November 15, 2004

It's $40, it's gorgeous, and it works! The Delicious Monster website has been swamped most of the week, but I've finally been able to download the Delicious Library demo and check out the details. For a v1 product, it's great. Minus some keyboard shortcuts and context menus, the design is Mac-alicious and elegant. The display in general is great fun, especially the clever use of Amazon.com product images. The use of Amazon Web Services in general is especially thorough and brilliant, including the automatic downloading and storage of product descriptions and statistics. Find-as-you-type search of a large library rocks. And the killer feature, barcode scanning with a camcorder, works flawlessly and speedily, given enough light and holding the item close enough to the camera. Red laser scan lines appear over the camcorder image, animated to look like a real grocery scanner—and it beeps, and pronounces the title of the item (using the speech synthesis Mac users are used to, because it comes with the OS).

It's still v1, and so far the most notable flaw is the application speed. On my G4 Powerbook, it can take a second or two to get feedback for some actions, and I'm not used to that. More ickily, it appears to slow down everything else on my machine. I've already found a reproducable crash condition, though it's not one that I'm bound to run into every day. And the aforementioned lack of context menus and keyboard shortcuts is a whole layer of intuitiveness and user expectation missing. (Pretty much every action can be found by selecting something and clicking on the gear drop-down menu.) But the camcorder scanning is fast enough that I'll gladly buy it now, scan in our thousands of books and DVDs, and hope the final touches come as a free upgrade.
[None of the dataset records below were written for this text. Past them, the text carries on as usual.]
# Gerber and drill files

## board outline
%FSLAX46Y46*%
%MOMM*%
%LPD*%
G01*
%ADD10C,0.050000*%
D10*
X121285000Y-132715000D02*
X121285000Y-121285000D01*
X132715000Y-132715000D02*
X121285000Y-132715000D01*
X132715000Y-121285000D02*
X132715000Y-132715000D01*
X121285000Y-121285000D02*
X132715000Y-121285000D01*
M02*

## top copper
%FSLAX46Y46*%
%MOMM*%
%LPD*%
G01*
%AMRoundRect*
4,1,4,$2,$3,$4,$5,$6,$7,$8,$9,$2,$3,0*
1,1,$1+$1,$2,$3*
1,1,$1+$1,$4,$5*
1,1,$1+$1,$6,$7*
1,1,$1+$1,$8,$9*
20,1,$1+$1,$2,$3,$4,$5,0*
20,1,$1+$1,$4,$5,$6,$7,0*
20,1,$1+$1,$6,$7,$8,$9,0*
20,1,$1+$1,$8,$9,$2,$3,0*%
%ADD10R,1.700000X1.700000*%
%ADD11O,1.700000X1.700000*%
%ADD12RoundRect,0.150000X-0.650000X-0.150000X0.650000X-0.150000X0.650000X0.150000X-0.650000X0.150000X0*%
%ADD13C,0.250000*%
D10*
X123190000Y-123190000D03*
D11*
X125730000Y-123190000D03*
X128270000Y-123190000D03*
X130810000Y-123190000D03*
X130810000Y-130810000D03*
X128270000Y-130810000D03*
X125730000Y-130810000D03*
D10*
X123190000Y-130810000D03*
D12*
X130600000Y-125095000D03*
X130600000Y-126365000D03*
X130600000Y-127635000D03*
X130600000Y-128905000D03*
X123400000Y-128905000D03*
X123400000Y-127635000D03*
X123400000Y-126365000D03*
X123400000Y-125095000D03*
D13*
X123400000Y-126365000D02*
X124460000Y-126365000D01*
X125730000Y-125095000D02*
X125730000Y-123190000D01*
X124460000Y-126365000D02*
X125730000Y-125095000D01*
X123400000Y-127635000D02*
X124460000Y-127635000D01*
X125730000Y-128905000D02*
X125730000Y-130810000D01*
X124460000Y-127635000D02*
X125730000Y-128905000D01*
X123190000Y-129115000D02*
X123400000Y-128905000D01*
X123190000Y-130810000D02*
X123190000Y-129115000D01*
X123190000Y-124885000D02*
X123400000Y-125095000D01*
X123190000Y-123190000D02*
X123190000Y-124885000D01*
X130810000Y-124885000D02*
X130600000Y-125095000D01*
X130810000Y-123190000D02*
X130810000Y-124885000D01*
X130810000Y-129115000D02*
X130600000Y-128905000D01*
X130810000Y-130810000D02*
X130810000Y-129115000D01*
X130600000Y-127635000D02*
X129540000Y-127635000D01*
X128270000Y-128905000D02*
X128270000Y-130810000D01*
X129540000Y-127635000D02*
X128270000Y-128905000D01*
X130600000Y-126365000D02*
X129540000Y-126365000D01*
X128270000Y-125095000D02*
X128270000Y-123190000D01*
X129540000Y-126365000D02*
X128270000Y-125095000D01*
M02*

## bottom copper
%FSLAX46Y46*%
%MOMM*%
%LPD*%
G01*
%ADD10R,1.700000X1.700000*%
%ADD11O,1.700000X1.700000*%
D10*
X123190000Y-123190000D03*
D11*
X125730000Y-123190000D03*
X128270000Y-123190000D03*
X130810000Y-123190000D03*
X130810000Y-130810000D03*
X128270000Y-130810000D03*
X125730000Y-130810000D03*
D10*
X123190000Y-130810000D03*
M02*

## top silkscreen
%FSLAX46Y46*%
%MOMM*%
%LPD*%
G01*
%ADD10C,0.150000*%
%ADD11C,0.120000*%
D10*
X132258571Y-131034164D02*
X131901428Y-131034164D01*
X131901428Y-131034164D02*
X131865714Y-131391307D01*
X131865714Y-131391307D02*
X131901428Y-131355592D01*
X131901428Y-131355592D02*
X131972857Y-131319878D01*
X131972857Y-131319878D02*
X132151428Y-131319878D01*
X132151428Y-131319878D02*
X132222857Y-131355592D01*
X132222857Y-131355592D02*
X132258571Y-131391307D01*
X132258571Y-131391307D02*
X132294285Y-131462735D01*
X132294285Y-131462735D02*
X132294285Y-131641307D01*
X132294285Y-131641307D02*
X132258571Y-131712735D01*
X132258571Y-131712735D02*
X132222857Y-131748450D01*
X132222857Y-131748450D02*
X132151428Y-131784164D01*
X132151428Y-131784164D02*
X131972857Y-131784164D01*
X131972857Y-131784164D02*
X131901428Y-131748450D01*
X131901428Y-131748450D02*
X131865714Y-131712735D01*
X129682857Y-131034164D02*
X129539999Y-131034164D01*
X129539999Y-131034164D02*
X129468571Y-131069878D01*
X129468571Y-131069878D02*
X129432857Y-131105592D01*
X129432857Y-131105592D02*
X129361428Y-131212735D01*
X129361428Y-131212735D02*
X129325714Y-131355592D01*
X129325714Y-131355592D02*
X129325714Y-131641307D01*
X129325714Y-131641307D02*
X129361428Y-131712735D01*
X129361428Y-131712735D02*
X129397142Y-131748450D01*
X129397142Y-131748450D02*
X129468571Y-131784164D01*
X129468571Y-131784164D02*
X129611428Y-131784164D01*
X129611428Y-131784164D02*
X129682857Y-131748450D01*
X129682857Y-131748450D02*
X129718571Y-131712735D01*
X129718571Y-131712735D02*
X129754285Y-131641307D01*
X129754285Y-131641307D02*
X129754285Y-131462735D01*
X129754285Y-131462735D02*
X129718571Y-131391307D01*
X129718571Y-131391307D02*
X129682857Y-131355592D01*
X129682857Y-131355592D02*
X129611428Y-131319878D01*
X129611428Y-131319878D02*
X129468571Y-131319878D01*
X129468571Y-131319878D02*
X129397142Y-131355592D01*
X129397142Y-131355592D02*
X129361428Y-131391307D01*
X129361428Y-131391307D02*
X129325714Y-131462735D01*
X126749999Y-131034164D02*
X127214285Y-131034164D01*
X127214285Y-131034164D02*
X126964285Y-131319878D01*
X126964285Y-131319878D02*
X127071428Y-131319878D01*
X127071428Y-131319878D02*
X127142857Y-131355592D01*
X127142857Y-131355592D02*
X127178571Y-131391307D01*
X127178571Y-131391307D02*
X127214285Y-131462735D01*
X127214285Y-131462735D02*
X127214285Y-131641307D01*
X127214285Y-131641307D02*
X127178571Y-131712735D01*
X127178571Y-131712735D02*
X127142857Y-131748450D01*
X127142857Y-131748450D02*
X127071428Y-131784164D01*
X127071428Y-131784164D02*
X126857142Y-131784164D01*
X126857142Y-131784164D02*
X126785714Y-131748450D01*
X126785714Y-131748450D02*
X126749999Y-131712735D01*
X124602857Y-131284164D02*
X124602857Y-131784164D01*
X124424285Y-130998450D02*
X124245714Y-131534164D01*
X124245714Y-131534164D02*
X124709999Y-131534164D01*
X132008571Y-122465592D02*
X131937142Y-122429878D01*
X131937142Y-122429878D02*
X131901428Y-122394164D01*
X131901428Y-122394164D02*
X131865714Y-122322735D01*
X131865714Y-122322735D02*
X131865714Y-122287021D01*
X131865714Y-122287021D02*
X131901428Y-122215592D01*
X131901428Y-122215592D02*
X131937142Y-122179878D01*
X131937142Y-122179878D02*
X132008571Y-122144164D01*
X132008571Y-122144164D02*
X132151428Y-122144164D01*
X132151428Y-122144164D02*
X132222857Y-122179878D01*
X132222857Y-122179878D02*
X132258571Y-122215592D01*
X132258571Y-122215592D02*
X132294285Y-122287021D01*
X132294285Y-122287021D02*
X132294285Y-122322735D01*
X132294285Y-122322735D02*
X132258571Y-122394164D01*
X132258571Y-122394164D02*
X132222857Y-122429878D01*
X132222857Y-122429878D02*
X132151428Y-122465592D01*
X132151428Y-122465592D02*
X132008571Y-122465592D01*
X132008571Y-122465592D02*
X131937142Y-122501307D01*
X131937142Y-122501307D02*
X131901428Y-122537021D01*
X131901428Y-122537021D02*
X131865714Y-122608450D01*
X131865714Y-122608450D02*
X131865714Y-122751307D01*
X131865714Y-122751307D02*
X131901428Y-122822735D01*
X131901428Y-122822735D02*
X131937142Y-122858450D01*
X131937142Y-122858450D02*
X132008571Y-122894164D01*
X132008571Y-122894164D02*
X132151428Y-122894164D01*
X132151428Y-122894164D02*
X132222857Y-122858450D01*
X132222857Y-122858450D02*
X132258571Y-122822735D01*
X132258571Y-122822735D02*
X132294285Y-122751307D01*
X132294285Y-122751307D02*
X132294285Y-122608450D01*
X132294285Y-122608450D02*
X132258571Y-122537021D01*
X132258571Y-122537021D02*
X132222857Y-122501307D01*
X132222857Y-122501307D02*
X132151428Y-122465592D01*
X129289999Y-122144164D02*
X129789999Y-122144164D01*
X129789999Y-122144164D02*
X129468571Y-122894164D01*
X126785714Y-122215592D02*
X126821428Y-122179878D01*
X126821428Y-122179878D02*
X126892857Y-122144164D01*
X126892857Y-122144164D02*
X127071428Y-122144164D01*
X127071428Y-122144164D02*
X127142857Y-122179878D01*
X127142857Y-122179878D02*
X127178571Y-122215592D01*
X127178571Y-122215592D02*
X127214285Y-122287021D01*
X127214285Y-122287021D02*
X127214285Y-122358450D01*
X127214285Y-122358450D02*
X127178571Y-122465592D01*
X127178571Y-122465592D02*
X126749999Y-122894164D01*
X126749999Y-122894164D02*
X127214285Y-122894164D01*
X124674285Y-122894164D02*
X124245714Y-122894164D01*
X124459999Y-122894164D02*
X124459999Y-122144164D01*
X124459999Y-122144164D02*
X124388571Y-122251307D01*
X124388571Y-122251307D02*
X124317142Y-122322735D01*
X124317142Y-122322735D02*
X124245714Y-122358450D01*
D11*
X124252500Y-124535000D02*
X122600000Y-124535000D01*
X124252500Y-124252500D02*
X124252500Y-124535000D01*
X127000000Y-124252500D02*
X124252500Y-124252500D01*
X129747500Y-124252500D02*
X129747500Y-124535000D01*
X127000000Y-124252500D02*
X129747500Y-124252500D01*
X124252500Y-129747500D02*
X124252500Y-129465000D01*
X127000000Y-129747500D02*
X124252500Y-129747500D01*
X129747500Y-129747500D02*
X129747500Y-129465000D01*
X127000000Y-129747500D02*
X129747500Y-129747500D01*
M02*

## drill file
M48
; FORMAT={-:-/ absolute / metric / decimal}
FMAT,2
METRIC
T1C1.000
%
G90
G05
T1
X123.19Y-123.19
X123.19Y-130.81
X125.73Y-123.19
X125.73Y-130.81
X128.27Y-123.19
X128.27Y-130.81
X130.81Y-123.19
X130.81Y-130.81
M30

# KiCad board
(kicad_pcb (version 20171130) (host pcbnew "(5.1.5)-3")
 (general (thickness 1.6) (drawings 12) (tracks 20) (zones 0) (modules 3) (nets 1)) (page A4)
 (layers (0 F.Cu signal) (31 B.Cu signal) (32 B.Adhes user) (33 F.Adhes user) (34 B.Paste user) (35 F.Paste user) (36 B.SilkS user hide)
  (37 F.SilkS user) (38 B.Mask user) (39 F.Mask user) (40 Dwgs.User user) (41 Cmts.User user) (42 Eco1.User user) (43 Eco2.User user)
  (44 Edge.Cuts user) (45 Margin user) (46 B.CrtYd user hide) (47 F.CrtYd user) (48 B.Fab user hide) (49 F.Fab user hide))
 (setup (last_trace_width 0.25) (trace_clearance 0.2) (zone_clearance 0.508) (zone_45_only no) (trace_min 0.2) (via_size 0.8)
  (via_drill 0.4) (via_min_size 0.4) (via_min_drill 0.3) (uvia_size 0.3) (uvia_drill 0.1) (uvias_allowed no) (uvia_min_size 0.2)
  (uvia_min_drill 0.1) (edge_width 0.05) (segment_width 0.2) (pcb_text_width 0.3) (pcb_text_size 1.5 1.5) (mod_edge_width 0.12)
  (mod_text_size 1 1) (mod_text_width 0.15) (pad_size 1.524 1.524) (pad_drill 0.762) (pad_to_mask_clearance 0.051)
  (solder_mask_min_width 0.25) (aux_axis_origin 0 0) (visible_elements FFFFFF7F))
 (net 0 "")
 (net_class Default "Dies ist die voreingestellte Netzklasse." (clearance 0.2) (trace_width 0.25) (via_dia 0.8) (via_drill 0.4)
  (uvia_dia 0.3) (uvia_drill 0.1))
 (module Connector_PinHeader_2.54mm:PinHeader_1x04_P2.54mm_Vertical (layer B.Cu) (at 123.19 123.19 270)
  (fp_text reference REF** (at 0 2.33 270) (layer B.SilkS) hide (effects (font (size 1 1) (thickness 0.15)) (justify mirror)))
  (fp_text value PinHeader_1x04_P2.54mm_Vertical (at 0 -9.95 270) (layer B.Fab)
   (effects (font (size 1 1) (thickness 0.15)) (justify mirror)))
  (pad 1 thru_hole rect (at 0 0 270) (size 1.7 1.7) (drill 1) (layers *.Cu *.Mask))
  (pad 2 thru_hole oval (at 0 -2.54 270) (size 1.7 1.7) (drill 1) (layers *.Cu *.Mask))
  (pad 3 thru_hole oval (at 0 -5.08 270) (size 1.7 1.7) (drill 1) (layers *.Cu *.Mask))
  (pad 4 thru_hole oval (at 0 -7.62 270) (size 1.7 1.7) (drill 1) (layers *.Cu *.Mask)))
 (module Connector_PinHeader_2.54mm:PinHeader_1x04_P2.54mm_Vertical (layer B.Cu) (at 123.19 130.81 270)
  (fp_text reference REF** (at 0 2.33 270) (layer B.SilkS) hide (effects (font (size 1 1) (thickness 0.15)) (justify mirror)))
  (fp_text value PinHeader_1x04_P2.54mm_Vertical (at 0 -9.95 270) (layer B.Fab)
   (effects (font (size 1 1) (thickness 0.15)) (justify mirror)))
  (pad 4 thru_hole oval (at 0 -7.62 270) (size 1.7 1.7) (drill 1) (layers *.Cu *.Mask))
  (pad 3 thru_hole oval (at 0 -5.08 270) (size 1.7 1.7) (drill 1) (layers *.Cu *.Mask))
  (pad 2 thru_hole oval (at 0 -2.54 270) (size 1.7 1.7) (drill 1) (layers *.Cu *.Mask))
  (pad 1 thru_hole rect (at 0 0 270) (size 1.7 1.7) (drill 1) (layers *.Cu *.Mask)))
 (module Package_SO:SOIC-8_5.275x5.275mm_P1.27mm (layer F.Cu) (at 127 127)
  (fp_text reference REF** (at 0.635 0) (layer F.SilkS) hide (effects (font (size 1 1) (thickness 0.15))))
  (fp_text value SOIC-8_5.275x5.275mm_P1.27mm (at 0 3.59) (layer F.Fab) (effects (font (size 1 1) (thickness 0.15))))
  (fp_line (start -2.7475 -2.465) (end -4.4 -2.465) (layer F.SilkS) (width 0.12))
  (fp_line (start -2.7475 -2.7475) (end -2.7475 -2.465) (layer F.SilkS) (width 0.12))
  (fp_line (start 0 -2.7475) (end -2.7475 -2.7475) (layer F.SilkS) (width 0.12))
  (fp_line (start 2.7475 -2.7475) (end 2.7475 -2.465) (layer F.SilkS) (width 0.12))
  (fp_line (start 0 -2.7475) (end 2.7475 -2.7475) (layer F.SilkS) (width 0.12))
  (fp_line (start -2.7475 2.7475) (end -2.7475 2.465) (layer F.SilkS) (width 0.12))
  (fp_line (start 0 2.7475) (end -2.7475 2.7475) (layer F.SilkS) (width 0.12))
  (fp_line (start 2.7475 2.7475) (end 2.7475 2.465) (layer F.SilkS) (width 0.12))
  (fp_line (start 0 2.7475) (end 2.7475 2.7475) (layer F.SilkS) (width 0.12))
  (pad 8 smd roundrect (at 3.6 -1.905) (size 1.6 0.6) (layers F.Cu F.Paste F.Mask) (roundrect_rratio 0.25))
  (pad 7 smd roundrect (at 3.6 -0.635) (size 1.6 0.6) (layers F.Cu F.Paste F.Mask) (roundrect_rratio 0.25))
  (pad 6 smd roundrect (at 3.6 0.635) (size 1.6 0.6) (layers F.Cu F.Paste F.Mask) (roundrect_rratio 0.25))
  (pad 5 smd roundrect (at 3.6 1.905) (size 1.6 0.6) (layers F.Cu F.Paste F.Mask) (roundrect_rratio 0.25))
  (pad 4 smd roundrect (at -3.6 1.905) (size 1.6 0.6) (layers F.Cu F.Paste F.Mask) (roundrect_rratio 0.25))
  (pad 3 smd roundrect (at -3.6 0.635) (size 1.6 0.6) (layers F.Cu F.Paste F.Mask) (roundrect_rratio 0.25))
  (pad 2 smd roundrect (at -3.6 -0.635) (size 1.6 0.6) (layers F.Cu F.Paste F.Mask) (roundrect_rratio 0.25))
  (pad 1 smd roundrect (at -3.6 -1.905) (size 1.6 0.6) (layers F.Cu F.Paste F.Mask) (roundrect_rratio 0.25)))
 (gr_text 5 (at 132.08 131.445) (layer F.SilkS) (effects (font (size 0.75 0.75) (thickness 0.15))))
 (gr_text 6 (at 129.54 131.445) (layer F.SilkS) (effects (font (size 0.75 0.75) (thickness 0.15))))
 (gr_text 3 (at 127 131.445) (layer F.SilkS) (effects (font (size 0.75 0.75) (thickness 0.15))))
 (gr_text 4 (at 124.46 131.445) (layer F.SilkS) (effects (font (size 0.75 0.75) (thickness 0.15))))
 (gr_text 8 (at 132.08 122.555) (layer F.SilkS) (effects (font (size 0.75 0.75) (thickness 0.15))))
MacMinute reports that the Bluetooth barcode scanner costs $175. I don't see a way to buy the Bluetooth barcode scanner directly from Delicious Monster yet (did I just overlook it?), and haven't found an alternate store with this particular model of scanner. I see a corded model and a "wireless" model with a USB dongle, but I'm going to wait for Bluetooth.

ArsTechnica has a thorough and entertaining review, including commentary on the genius attention to detail in the graphics. It also mentions some background on the developers: They're from The Omni Group.